To check its status, run:
$ odahuflowctl deployment get --id wine-tutorial
Or create a Deploy using the Plugin for JupyterLab:
- Open jupyterlab
- Open the cloned repo, and then the folder with the MLProject file
- Select file
./odahu-flow/deployment.odahu.yaml
. In context menu press thesubmit
button
You can see Deploy logs using the Odahu cloud mode
side tab in your Jupyterlab
- Open the
Odahu cloud mode
tab - Look for the
DEPLOYMENT
section - Click the row with ID=wine
After some time, the Deploy process will finish. The status of Deploy is updated in column status
of the DEPLOYMENT section in the Odahu cloud mode
tab.
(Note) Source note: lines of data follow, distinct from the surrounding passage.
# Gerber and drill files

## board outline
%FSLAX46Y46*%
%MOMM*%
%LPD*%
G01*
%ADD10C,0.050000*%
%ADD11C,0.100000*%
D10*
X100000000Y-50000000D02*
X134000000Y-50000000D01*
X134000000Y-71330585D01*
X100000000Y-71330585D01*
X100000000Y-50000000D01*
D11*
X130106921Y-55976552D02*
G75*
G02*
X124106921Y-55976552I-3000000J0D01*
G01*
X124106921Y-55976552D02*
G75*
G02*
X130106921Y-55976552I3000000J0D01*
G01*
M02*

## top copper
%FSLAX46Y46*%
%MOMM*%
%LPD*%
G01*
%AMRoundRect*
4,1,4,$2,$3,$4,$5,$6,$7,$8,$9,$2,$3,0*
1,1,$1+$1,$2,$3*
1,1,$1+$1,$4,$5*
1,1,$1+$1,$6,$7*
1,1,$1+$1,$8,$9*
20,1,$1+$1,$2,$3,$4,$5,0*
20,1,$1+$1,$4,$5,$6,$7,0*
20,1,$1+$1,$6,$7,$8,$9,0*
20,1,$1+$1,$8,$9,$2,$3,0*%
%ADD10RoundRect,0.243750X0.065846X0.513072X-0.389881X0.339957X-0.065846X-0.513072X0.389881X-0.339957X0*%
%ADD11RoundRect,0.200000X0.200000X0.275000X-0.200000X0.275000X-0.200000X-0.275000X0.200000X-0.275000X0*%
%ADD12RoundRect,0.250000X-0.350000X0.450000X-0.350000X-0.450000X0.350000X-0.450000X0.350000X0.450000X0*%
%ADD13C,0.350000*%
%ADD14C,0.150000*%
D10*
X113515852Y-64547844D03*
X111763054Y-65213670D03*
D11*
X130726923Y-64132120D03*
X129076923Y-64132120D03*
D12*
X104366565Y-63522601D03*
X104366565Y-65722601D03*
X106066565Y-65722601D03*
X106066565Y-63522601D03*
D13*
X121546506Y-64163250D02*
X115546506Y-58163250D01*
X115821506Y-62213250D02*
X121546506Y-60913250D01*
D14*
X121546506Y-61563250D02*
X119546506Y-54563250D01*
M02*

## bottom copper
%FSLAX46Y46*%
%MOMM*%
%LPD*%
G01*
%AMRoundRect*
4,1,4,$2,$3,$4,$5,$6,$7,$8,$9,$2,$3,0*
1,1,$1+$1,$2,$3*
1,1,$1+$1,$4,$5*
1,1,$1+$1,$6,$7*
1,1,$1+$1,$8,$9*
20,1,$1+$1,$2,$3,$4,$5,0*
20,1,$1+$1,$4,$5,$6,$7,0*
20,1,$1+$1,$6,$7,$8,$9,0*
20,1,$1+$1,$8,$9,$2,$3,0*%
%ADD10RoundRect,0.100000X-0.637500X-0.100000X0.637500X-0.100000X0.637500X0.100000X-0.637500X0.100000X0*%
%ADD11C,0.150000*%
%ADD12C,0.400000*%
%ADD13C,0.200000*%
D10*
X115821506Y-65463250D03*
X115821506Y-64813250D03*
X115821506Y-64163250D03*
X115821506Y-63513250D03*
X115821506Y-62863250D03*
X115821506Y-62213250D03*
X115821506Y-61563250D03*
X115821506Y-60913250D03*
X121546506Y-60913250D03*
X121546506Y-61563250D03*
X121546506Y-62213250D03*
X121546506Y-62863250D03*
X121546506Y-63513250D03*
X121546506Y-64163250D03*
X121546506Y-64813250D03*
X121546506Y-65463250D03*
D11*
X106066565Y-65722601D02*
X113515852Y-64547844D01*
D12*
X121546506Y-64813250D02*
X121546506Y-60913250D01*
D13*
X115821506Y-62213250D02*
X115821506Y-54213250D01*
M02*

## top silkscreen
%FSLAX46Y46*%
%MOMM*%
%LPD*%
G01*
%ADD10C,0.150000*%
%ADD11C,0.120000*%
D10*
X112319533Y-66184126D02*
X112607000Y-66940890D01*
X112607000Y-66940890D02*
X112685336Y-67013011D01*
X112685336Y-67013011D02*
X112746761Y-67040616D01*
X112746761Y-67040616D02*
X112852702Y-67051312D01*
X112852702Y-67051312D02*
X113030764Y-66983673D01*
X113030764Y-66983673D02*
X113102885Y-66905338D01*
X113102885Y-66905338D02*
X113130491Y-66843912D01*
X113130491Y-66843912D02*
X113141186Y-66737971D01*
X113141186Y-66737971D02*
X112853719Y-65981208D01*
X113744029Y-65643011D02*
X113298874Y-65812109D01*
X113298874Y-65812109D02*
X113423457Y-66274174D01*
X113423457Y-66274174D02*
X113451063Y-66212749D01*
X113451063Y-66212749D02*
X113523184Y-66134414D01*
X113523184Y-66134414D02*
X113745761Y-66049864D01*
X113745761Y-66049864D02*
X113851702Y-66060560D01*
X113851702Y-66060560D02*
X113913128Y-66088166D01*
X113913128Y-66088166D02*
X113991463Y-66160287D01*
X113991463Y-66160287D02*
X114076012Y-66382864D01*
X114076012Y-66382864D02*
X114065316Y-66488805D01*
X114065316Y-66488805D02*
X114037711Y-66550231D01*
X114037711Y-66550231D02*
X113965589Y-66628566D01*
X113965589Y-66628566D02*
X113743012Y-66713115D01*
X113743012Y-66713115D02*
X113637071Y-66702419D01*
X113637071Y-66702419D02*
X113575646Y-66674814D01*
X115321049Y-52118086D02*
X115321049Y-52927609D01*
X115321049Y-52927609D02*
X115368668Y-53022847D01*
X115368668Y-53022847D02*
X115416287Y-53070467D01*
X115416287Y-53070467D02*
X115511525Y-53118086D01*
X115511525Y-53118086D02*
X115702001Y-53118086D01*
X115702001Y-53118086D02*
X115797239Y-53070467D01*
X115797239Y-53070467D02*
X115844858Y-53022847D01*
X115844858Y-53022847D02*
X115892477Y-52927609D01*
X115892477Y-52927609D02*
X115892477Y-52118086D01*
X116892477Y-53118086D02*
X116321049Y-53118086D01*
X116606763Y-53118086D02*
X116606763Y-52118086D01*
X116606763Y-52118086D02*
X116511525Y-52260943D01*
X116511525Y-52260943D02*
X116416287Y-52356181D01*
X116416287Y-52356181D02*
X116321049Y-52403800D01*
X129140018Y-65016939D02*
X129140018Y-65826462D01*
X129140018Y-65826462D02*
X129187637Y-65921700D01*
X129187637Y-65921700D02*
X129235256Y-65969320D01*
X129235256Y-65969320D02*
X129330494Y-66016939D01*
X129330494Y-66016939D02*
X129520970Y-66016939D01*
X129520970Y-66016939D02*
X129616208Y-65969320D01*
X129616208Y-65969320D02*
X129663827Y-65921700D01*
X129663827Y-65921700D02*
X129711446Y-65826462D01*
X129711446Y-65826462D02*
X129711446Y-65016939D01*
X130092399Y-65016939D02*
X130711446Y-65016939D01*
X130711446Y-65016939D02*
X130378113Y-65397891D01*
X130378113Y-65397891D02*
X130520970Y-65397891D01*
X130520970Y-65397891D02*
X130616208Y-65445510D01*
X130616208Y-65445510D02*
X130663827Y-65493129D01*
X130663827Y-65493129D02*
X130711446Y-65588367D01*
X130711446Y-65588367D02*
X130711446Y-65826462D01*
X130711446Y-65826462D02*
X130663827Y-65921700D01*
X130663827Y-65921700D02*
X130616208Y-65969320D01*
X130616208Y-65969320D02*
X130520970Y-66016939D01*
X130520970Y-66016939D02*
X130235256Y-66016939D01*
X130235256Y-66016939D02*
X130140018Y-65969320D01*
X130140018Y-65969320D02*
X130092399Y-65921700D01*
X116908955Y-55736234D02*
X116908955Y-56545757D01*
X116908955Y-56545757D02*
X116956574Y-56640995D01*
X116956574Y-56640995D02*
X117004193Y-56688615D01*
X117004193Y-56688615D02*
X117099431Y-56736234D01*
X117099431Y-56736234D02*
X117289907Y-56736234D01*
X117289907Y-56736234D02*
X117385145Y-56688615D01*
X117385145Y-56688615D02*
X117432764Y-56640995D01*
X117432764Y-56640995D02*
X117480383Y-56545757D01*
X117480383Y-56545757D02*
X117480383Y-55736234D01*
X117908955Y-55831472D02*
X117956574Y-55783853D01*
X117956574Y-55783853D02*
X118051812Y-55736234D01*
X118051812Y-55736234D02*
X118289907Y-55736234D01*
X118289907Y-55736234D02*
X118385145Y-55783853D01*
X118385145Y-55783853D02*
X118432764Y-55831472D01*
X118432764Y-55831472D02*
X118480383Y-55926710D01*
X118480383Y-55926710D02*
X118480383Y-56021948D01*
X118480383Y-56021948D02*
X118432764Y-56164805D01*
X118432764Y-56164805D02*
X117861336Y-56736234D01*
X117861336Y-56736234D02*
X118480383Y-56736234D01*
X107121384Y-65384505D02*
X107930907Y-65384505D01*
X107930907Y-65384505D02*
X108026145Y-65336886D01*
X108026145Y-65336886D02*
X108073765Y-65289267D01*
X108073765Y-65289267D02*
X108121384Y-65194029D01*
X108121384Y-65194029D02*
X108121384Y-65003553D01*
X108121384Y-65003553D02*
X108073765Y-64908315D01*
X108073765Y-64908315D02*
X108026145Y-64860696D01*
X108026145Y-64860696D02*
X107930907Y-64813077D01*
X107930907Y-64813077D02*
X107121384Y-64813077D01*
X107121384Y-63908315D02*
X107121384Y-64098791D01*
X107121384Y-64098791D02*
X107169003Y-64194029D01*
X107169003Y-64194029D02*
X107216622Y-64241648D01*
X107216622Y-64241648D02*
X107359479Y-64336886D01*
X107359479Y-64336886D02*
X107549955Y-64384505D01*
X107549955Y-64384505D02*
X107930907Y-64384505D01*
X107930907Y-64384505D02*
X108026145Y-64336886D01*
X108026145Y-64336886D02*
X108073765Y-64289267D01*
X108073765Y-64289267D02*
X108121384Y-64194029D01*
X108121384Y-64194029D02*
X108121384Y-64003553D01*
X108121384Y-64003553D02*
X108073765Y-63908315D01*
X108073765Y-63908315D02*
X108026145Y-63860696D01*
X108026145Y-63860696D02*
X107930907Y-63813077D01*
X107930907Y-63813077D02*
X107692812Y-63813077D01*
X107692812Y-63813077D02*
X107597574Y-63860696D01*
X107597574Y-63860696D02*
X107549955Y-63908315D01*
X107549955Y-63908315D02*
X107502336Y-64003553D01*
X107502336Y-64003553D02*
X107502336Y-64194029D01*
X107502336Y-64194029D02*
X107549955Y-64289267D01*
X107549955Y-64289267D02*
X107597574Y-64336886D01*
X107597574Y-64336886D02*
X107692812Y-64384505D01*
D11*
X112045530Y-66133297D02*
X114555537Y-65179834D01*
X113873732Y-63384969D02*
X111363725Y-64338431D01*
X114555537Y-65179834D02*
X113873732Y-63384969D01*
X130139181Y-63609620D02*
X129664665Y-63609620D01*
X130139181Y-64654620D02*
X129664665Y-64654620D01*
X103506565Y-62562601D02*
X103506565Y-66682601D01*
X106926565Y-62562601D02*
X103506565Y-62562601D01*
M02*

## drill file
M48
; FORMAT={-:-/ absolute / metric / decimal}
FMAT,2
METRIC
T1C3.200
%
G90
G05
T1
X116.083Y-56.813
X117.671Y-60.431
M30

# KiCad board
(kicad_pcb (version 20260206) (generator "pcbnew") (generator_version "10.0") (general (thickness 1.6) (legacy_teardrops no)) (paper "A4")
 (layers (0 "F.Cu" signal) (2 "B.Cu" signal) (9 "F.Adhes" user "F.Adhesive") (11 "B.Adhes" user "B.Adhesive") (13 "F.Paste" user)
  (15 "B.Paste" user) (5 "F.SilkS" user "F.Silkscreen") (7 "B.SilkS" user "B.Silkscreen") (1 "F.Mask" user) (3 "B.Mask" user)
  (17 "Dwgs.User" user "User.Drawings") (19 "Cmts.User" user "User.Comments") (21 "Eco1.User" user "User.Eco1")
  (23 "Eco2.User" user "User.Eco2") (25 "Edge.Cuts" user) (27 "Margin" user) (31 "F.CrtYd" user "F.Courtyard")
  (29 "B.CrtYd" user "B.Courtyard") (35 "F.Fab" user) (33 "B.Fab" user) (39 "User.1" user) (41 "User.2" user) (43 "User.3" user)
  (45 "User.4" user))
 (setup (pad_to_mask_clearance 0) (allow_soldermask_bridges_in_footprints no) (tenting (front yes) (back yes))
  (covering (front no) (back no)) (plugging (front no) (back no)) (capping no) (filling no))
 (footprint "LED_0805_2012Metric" (layer "F.Cu") (at 112.639453 64.880757 -159.2)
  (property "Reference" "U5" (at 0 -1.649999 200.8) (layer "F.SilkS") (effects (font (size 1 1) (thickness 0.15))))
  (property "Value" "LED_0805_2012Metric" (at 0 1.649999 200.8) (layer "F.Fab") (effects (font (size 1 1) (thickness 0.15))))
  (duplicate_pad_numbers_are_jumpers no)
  (fp_line (start 1 -0.96) (end -1.685 -0.96) (stroke (width 0.12) (type solid)) (layer "F.SilkS"))
  (fp_line (start -1.685 0.96) (end 1 0.96) (stroke (width 0.12) (type solid)) (layer "F.SilkS"))
  (fp_line (start -1.685 -0.96) (end -1.685 0.96) (stroke (width 0.12) (type solid)) (layer "F.SilkS"))
  (pad "1" smd roundrect (at -0.9375 0 200.8) (size 0.975 1.4) (layers "F.Cu" "F.Mask" "F.Paste") (roundrect_rratio 0.25) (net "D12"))
  (pad "2" smd roundrect (at 0.9375 0 200.8) (size 0.975 1.4) (layers "F.Cu" "F.Mask" "F.Paste") (roundrect_rratio 0.25) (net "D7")))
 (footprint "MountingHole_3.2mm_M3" (layer "F.Cu") (at 116.082954 56.813267)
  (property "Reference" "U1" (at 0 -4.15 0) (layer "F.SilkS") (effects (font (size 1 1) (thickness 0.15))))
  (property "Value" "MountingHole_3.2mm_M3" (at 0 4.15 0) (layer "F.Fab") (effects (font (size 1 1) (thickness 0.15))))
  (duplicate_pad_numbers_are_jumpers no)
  (pad "" np_thru_hole circle (at 0 0) (size 3.2 3.2) (drill 3.2) (layers "*.Cu" "*.Mask")))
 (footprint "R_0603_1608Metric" (layer "F.Cu") (at 129.901923 64.13212 180)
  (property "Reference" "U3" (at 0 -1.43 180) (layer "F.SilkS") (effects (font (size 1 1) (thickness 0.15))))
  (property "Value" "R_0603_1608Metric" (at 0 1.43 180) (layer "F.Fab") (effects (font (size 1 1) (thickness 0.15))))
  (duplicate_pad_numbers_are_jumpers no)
You should see status=Ready.
Use the deployed model¶
Step input data | The deployed model |
---|
After the model is deployed, you can check its API in Swagger:
Open <your-odahu-platform-host>/service-catalog/swagger/index.html
and look and the endpoints:
GET /model/wine-tutorial/api/model/info
– OpenAPI model specification;POST /model/wine-tutorial/api/model/invoke
– Endpoint to do predictions;
But you can also do predictions using the Odahu-flow CLI.
Create a payload file:
$ touch ./odahu-flow/r.json
Add payload for /model/wine-tutorial/api/model/invoke
according to the OpenAPI schema. In this payload we provide values for model input variables:
{
"columns": [
"fixed acidity",
"volatile acidity",
"citric acid",
"residual sugar",
"chlorides",
"free sulfur dioxide",
"total sulfur dioxide",
"density",
"pH",
"sulphates",
"alcohol"
],
"data": [
[
7,
0.27,
0.36,
20.7,
0.045,
45,
170,
1.001,
3,
0.45,
8.8
]
]
}
Invoke the model to make a prediction:
$ odahuflowctl model invoke --mr wine-tutorial --json-file r.json
{"prediction": [6.0], "columns": ["quality"]}
Congrats! You have completed the tutorial.